=== Dataset ===

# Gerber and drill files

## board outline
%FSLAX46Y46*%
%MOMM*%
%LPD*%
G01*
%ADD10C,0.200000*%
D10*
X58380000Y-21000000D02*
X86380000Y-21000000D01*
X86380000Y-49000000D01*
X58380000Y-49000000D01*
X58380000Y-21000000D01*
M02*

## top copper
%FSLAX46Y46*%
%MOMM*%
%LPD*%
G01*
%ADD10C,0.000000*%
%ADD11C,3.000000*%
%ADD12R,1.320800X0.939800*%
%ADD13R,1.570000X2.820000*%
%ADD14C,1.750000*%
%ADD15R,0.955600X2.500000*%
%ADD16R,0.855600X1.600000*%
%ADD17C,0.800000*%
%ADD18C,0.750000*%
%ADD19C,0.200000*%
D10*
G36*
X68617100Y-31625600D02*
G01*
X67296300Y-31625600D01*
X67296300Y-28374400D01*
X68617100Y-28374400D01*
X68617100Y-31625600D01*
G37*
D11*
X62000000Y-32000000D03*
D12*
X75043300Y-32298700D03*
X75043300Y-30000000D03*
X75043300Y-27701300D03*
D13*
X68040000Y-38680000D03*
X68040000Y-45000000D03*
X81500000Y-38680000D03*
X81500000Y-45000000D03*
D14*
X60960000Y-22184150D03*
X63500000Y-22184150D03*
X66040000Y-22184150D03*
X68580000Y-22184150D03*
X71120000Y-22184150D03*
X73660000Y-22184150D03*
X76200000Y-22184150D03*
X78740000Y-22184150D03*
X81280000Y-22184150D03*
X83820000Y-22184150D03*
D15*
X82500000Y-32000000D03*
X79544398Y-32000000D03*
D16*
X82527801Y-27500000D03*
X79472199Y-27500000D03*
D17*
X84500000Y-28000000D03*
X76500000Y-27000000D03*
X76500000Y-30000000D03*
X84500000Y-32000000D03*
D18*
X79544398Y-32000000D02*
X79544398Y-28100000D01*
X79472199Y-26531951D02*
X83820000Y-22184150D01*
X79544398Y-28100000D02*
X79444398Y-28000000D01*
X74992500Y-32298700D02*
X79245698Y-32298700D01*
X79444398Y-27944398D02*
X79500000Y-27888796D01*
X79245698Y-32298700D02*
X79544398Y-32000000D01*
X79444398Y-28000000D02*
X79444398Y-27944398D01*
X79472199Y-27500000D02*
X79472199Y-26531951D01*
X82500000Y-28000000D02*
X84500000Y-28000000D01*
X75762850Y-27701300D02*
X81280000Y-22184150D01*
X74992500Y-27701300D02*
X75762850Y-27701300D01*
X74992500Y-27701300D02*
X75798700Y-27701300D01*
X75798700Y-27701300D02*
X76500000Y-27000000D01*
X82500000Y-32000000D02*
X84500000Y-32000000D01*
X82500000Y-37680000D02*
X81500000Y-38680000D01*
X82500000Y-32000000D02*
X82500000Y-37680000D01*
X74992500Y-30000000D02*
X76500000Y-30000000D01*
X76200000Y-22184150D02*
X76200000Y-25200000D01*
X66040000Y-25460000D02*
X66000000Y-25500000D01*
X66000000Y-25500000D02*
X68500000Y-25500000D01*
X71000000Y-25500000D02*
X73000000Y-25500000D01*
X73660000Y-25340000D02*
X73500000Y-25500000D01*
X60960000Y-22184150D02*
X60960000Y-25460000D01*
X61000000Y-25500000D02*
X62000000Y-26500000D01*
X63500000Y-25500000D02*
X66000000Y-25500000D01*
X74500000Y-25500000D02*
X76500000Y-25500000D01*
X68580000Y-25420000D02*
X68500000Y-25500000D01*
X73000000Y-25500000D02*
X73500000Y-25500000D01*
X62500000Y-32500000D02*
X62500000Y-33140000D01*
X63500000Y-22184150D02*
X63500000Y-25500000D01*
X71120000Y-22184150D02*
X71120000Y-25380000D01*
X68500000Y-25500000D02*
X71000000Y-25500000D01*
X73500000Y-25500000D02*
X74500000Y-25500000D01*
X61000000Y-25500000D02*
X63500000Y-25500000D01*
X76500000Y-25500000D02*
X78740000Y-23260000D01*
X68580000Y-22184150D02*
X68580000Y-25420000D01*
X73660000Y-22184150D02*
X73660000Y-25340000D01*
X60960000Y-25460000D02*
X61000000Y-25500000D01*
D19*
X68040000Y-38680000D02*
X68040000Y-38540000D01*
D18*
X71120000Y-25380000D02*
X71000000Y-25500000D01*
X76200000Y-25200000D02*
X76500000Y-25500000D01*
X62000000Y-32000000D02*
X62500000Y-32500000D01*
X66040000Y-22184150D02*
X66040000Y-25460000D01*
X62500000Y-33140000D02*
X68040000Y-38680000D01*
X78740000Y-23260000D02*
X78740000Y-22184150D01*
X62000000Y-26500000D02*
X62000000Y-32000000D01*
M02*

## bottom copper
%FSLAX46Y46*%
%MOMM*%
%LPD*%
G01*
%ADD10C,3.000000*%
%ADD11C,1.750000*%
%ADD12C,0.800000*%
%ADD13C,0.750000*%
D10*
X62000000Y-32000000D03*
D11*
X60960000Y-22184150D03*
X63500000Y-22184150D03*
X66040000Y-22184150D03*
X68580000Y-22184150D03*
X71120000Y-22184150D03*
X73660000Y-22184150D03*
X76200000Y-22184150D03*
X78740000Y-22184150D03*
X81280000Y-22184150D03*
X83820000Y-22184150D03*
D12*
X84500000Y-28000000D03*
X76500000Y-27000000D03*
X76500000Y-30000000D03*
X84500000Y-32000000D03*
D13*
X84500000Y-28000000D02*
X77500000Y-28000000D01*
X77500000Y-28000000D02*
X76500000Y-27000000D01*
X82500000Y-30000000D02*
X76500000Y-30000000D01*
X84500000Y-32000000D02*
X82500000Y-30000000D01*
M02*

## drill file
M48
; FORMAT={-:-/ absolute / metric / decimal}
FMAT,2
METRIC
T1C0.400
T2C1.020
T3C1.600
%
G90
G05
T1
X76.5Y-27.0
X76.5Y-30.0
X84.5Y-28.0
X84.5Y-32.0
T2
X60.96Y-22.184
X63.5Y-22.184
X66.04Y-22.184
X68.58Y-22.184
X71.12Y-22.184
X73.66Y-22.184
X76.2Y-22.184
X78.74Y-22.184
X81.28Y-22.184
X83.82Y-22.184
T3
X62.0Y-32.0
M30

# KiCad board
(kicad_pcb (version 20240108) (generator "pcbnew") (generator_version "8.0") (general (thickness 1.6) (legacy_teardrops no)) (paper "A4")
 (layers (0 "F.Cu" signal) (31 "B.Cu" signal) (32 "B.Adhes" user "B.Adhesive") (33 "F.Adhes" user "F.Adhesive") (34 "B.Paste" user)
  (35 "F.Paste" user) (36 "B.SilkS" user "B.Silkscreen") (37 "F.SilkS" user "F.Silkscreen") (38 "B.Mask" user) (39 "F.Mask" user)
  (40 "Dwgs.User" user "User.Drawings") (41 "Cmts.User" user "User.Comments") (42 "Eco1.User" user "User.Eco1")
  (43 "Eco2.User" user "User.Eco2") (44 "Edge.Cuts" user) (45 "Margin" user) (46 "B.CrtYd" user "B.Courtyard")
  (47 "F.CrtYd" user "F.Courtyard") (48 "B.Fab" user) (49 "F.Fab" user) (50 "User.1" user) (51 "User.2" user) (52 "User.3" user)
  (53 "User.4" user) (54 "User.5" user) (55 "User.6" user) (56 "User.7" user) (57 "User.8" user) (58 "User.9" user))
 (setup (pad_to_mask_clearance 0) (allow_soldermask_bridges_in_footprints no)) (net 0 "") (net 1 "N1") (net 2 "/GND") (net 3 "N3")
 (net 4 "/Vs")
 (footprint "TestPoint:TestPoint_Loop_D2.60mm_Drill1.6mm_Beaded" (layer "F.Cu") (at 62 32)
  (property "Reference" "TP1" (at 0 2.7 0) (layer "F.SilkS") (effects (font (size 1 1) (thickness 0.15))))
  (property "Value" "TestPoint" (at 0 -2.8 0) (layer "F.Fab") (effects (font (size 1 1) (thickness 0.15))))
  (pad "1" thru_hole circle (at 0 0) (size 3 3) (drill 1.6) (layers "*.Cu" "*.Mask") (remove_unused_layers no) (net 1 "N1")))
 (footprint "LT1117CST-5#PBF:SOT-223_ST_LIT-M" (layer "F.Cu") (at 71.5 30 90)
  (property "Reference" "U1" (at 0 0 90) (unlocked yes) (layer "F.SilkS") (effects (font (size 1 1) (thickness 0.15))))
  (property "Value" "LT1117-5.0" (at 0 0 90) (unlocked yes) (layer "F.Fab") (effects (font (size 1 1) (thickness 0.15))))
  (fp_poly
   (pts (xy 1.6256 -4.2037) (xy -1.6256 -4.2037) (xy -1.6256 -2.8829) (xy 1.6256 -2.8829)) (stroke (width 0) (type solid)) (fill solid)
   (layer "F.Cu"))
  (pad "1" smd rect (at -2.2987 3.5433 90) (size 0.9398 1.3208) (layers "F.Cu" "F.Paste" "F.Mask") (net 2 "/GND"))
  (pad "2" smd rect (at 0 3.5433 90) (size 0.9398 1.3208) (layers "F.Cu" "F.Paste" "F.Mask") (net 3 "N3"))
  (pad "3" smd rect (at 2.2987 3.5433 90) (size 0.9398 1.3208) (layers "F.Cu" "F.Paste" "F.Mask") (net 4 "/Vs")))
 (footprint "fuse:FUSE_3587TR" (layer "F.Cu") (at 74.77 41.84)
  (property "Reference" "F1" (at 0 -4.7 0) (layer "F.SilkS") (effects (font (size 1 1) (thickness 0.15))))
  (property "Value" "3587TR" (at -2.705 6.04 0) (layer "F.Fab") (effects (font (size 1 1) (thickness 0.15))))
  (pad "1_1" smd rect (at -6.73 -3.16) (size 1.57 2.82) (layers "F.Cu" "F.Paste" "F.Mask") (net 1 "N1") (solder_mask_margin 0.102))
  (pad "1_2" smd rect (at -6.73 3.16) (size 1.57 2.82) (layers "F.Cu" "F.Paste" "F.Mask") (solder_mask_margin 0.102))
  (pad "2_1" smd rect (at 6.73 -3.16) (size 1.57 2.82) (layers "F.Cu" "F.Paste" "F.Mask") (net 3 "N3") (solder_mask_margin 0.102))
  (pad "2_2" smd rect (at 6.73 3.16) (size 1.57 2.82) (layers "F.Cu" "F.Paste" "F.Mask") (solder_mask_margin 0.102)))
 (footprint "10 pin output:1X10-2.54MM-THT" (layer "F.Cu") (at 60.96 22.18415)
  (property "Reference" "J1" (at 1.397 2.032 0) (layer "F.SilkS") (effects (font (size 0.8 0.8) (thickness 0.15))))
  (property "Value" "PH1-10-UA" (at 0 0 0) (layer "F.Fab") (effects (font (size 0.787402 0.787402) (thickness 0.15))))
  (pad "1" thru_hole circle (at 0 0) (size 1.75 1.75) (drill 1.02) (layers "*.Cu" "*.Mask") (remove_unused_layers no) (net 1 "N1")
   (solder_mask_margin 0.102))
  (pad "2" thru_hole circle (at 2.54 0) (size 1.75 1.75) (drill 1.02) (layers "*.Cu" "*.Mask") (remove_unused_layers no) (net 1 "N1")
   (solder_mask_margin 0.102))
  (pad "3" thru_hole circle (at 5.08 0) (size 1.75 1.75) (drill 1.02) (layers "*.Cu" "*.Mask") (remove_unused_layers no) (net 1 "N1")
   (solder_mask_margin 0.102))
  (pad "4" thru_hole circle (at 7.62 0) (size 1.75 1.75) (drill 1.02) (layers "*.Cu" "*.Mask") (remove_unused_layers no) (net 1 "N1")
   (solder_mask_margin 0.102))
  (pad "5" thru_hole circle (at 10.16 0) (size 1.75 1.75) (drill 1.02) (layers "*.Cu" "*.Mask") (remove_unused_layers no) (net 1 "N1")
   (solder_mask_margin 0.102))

===

» The problem: Report every line of the entries that carries the word "Courtyard".

» Answer:
  (43 "Eco2.User" user "User.Eco2") (44 "Edge.Cuts" user) (45 "Margin" user) (46 "B.CrtYd" user "B.Courtyard")
  (47 "F.CrtYd" user "F.Courtyard") (48 "B.Fab" user) (49 "F.Fab" user) (50 "User.1" user) (51 "User.2" user) (52 "User.3" user)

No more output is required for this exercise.